These are the key concepts you need to understand to accurately answer the question.

Normal Vector
In the study of plane curves, the concept of a **normal vector** is pivotal. A normal vector is perpendicular to the tangent vector, which is tangent to the curve at a given point. The formula for the normal vector, \[ \mathbf{N}=(-\sin \phi \mathbf{i}+\cos \phi \mathbf{j}) \frac{d \phi / d s}{|d \phi / d s|}, \]provides insight into its direction and orientation.
  • The terms \(-\sin \phi \mathbf{i}\) and \(+\cos \phi \mathbf{j}\) represent the components of this vector. They are based on trigonometric transformations deriving from the angle \(\phi\) formed by the tangent line at that point.
  • The fraction \(\frac{d \phi / d s}{|d \phi / d s|}\) indicates whether the vector maintains its direction or reverses it, depending on the curvature of the line.
A key property of the normal vector is that it always points inward, towards the concave side of the curve.

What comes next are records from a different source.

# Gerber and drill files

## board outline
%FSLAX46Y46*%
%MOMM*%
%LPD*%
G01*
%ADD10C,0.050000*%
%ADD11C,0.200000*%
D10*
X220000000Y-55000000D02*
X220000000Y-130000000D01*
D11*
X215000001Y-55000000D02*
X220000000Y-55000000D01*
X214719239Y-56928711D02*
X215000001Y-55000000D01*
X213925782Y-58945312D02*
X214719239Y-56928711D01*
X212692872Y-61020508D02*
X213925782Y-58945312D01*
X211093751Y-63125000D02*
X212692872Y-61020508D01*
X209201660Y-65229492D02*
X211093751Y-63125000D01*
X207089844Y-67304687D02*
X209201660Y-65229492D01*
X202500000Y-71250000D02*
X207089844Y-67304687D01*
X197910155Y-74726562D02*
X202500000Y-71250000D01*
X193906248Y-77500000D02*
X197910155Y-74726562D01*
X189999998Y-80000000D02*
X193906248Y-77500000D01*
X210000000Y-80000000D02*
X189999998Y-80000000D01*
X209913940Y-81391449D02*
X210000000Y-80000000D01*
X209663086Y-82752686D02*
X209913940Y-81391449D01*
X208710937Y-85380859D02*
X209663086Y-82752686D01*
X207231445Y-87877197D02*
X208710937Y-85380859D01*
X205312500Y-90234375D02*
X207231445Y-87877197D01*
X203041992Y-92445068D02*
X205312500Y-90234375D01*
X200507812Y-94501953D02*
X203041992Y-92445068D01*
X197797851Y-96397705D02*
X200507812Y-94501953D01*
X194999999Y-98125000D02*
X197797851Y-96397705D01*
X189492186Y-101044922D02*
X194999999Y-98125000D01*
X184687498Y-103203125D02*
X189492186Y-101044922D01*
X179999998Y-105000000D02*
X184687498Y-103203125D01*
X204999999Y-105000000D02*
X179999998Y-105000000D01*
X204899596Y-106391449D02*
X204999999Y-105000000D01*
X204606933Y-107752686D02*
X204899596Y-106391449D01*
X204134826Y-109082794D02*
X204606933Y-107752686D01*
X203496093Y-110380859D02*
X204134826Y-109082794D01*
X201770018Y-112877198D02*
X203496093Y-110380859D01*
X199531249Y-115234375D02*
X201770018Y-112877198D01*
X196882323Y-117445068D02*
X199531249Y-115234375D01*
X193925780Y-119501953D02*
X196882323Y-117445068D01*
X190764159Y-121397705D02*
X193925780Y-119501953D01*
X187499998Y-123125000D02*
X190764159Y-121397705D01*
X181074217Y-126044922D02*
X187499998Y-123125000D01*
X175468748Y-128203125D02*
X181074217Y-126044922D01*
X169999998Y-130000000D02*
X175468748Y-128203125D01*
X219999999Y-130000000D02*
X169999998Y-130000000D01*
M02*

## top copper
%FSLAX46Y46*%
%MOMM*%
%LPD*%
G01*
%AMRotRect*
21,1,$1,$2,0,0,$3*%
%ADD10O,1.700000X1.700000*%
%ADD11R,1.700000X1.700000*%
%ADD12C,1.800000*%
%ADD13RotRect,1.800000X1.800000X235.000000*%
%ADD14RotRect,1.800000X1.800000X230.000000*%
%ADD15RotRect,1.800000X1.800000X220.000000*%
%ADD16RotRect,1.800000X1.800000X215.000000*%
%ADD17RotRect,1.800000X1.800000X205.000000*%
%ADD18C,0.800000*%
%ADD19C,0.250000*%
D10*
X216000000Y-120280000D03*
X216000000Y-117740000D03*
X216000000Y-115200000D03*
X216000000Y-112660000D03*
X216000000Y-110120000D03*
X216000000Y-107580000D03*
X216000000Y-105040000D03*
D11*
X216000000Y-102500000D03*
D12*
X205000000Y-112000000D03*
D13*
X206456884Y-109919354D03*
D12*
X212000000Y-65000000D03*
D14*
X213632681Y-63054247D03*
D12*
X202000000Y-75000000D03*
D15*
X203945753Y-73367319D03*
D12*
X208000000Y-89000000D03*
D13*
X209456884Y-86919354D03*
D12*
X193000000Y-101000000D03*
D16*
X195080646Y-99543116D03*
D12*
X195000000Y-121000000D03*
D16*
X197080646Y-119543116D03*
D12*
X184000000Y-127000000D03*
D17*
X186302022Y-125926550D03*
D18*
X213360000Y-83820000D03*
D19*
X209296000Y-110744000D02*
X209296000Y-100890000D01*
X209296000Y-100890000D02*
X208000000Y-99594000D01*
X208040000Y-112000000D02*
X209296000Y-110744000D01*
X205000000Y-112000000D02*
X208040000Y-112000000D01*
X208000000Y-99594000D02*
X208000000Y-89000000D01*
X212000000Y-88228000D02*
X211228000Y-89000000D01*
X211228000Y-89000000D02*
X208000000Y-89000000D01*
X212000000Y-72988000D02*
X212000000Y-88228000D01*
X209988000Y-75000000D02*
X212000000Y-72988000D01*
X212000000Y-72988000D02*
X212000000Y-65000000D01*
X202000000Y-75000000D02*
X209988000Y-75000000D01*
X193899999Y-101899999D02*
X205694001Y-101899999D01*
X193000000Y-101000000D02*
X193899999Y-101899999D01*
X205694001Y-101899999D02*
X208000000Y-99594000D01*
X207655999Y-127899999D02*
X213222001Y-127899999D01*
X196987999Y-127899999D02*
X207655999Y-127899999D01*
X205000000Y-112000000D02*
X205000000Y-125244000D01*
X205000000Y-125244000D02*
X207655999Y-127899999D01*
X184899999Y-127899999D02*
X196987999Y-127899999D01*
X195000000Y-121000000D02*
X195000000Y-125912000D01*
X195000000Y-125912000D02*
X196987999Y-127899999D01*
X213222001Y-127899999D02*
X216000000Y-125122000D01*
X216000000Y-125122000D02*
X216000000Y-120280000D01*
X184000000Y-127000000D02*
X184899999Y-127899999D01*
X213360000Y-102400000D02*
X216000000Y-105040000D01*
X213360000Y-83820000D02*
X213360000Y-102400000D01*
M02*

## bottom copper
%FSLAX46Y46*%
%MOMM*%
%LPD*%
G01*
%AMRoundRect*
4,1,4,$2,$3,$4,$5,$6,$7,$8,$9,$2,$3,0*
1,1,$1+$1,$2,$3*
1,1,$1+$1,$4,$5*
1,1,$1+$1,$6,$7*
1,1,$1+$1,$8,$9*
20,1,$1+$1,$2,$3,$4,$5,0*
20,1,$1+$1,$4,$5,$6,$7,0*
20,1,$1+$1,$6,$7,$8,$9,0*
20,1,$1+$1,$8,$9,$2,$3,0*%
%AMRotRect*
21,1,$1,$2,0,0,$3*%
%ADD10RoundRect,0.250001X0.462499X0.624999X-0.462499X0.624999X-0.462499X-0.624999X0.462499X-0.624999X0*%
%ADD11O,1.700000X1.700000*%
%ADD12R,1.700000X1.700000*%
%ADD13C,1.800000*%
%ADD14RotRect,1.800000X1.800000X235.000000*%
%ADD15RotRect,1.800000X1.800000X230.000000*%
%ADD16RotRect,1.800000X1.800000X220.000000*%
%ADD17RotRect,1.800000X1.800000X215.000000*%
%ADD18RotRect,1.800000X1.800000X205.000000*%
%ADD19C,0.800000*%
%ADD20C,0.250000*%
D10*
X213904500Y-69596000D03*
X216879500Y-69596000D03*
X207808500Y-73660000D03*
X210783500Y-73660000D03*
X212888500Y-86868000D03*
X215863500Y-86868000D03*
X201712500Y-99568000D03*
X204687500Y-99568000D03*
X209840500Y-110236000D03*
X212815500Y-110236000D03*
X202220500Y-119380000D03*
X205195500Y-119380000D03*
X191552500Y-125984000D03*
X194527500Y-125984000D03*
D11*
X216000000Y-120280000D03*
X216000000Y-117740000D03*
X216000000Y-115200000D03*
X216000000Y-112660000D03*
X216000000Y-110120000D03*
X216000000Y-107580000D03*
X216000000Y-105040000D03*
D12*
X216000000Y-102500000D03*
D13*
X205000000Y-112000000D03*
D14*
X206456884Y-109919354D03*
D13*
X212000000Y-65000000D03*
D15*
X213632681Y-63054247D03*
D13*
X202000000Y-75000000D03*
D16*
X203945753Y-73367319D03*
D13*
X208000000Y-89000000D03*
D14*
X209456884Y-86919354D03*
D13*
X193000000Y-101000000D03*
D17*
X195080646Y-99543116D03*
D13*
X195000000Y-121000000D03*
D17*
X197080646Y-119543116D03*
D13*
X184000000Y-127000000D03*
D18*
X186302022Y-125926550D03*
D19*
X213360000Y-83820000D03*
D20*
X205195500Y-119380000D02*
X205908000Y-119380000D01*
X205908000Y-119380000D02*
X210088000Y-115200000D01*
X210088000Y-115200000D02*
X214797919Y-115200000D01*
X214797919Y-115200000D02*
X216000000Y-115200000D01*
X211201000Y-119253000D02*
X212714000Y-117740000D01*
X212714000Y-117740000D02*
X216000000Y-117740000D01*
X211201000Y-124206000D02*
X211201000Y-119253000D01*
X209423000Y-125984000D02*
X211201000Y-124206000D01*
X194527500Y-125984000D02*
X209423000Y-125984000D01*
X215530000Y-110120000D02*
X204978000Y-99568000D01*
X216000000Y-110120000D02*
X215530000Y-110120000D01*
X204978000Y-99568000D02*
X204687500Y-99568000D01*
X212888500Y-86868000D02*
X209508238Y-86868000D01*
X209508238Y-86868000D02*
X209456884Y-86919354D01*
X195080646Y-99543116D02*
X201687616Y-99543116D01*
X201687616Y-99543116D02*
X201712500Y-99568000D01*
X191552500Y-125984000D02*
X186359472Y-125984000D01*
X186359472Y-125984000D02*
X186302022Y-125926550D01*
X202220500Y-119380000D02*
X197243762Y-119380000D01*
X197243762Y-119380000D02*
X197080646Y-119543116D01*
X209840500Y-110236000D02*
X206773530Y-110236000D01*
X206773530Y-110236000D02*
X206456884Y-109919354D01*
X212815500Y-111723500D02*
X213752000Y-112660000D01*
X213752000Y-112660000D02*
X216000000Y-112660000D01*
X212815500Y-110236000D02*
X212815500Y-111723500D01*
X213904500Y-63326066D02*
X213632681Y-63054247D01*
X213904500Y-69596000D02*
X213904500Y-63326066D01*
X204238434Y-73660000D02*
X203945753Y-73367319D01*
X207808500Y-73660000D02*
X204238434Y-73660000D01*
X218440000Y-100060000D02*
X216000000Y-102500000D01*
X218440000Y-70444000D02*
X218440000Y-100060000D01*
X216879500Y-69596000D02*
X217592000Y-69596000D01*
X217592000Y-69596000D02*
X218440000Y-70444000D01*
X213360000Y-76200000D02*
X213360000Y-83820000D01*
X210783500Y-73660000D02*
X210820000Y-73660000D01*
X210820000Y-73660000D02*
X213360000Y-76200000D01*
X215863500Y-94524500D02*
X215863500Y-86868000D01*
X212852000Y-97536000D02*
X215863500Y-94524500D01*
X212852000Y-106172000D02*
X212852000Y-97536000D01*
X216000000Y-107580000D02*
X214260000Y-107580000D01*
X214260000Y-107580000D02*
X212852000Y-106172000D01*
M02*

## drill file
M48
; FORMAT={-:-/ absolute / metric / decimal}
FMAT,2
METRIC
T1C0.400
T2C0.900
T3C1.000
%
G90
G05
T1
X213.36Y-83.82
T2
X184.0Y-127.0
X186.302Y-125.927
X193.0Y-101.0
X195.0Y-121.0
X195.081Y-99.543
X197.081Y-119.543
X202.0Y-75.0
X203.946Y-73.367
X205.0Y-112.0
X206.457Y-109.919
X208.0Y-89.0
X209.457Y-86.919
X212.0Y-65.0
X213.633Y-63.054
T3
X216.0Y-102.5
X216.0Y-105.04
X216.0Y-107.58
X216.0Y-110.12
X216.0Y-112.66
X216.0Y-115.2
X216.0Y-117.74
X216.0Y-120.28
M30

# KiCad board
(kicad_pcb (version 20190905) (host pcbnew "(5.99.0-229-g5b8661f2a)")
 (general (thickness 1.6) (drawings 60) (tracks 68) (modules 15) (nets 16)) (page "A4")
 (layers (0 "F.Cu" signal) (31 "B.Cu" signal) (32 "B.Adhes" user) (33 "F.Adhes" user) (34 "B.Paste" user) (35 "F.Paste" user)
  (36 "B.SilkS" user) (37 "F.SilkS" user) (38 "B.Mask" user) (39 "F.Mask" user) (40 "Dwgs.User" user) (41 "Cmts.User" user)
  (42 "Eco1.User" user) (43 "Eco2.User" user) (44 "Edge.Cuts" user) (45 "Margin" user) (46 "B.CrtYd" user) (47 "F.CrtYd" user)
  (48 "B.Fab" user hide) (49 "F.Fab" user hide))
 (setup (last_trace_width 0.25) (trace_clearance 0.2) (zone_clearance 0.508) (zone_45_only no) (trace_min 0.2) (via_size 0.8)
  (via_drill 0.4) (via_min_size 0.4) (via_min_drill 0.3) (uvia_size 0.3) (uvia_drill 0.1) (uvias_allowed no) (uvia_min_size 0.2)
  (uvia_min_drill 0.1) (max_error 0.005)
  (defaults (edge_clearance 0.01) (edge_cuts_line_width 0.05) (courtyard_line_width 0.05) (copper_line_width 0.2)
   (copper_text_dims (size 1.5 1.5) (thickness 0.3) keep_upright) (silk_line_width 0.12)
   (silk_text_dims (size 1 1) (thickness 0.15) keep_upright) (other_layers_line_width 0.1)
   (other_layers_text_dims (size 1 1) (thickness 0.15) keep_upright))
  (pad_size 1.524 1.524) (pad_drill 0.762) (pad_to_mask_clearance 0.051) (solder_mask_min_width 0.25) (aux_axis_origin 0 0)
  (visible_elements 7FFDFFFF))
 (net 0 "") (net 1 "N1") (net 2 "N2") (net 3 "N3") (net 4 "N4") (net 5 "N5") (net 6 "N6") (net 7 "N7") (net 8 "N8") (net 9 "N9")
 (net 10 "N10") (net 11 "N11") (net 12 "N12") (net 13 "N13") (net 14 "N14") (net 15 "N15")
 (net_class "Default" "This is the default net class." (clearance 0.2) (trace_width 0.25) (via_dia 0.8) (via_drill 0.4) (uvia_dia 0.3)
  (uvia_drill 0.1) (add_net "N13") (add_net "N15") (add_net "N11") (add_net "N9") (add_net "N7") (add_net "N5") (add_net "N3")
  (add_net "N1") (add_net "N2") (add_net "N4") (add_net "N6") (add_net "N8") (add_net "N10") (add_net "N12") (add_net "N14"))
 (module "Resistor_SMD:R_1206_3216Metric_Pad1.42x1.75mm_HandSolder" (layer "B.Cu") (at 215.392 69.596 180)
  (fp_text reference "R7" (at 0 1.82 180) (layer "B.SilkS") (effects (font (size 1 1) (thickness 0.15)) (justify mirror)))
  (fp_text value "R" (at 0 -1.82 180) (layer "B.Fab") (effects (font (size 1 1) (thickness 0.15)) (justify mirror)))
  (pad "2" smd roundrect (at 1.4875 0 180) (size 1.425 1.75) (layers "B.Cu" "B.Paste" "B.Mask") (roundrect_rratio 0.175439) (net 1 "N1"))
  (pad "1" smd roundrect (at -1.4875 0 180) (size 1.425 1.75) (layers "B.Cu" "B.Paste" "B.Mask") (roundrect_rratio 0.175439) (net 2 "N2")))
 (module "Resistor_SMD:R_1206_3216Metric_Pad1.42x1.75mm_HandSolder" (layer "B.Cu") (at 209.296 73.66 180)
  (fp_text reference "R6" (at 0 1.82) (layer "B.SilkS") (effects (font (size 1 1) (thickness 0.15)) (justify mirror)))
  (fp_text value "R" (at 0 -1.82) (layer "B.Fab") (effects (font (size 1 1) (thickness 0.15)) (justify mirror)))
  (pad "2" smd roundrect (at 1.4875 0 180) (size 1.425 1.75) (layers "B.Cu" "B.Paste" "B.Mask") (roundrect_rratio 0.175439) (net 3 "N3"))
  (pad "1" smd roundrect (at -1.4875 0 180) (size 1.425 1.75) (layers "B.Cu" "B.Paste" "B.Mask") (roundrect_rratio 0.175439) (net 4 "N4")))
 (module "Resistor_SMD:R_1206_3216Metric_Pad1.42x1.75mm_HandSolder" (layer "B.Cu") (at 214.376 86.868 180)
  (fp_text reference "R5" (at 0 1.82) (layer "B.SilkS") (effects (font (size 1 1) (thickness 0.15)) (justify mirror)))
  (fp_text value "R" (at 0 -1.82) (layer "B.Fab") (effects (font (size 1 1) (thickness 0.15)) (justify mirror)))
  (pad "2" smd roundrect (at 1.4875 0 180) (size 1.425 1.75) (layers "B.Cu" "B.Paste" "B.Mask") (roundrect_rratio 0.175439) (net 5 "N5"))
  (pad "1" smd roundrect (at -1.4875 0 180) (size 1.425 1.75) (layers "B.Cu" "B.Paste" "B.Mask") (roundrect_rratio 0.175439) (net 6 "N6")))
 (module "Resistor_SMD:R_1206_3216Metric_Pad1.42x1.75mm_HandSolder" (layer "B.Cu") (at 203.2 99.568 180)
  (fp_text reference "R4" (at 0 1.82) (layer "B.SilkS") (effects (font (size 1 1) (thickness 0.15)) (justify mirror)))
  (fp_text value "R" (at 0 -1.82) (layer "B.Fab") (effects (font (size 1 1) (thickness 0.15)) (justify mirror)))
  (pad "2" smd roundrect (at 1.4875 0 180) (size 1.425 1.75) (layers "B.Cu" "B.Paste" "B.Mask") (roundrect_rratio 0.175439) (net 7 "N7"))
  (pad "1" smd roundrect (at -1.4875 0 180) (size 1.425 1.75) (layers "B.Cu" "B.Paste" "B.Mask") (roundrect_rratio 0.175439) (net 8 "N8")))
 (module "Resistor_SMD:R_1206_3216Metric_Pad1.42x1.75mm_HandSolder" (layer "B.Cu") (at 211.328 110.236 180)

Understanding this concept is essential when analyzing the behavior of curves.
Concave Side
The concave side of a curve is the side that appears 'inwardly curved' when viewed along the direction of the tangent vector. When considering a plane curve, identifying the concave side is crucial for various applications in geometry and physics. Understanding the normal vector's orientation plays into this as it always points toward the concave side, giving a clear indication of which side is concave. The significance of the concave side is reflected in many real-world applications:
  • In physics, knowing the concave side can help in predicting fields or forces acting on the curve.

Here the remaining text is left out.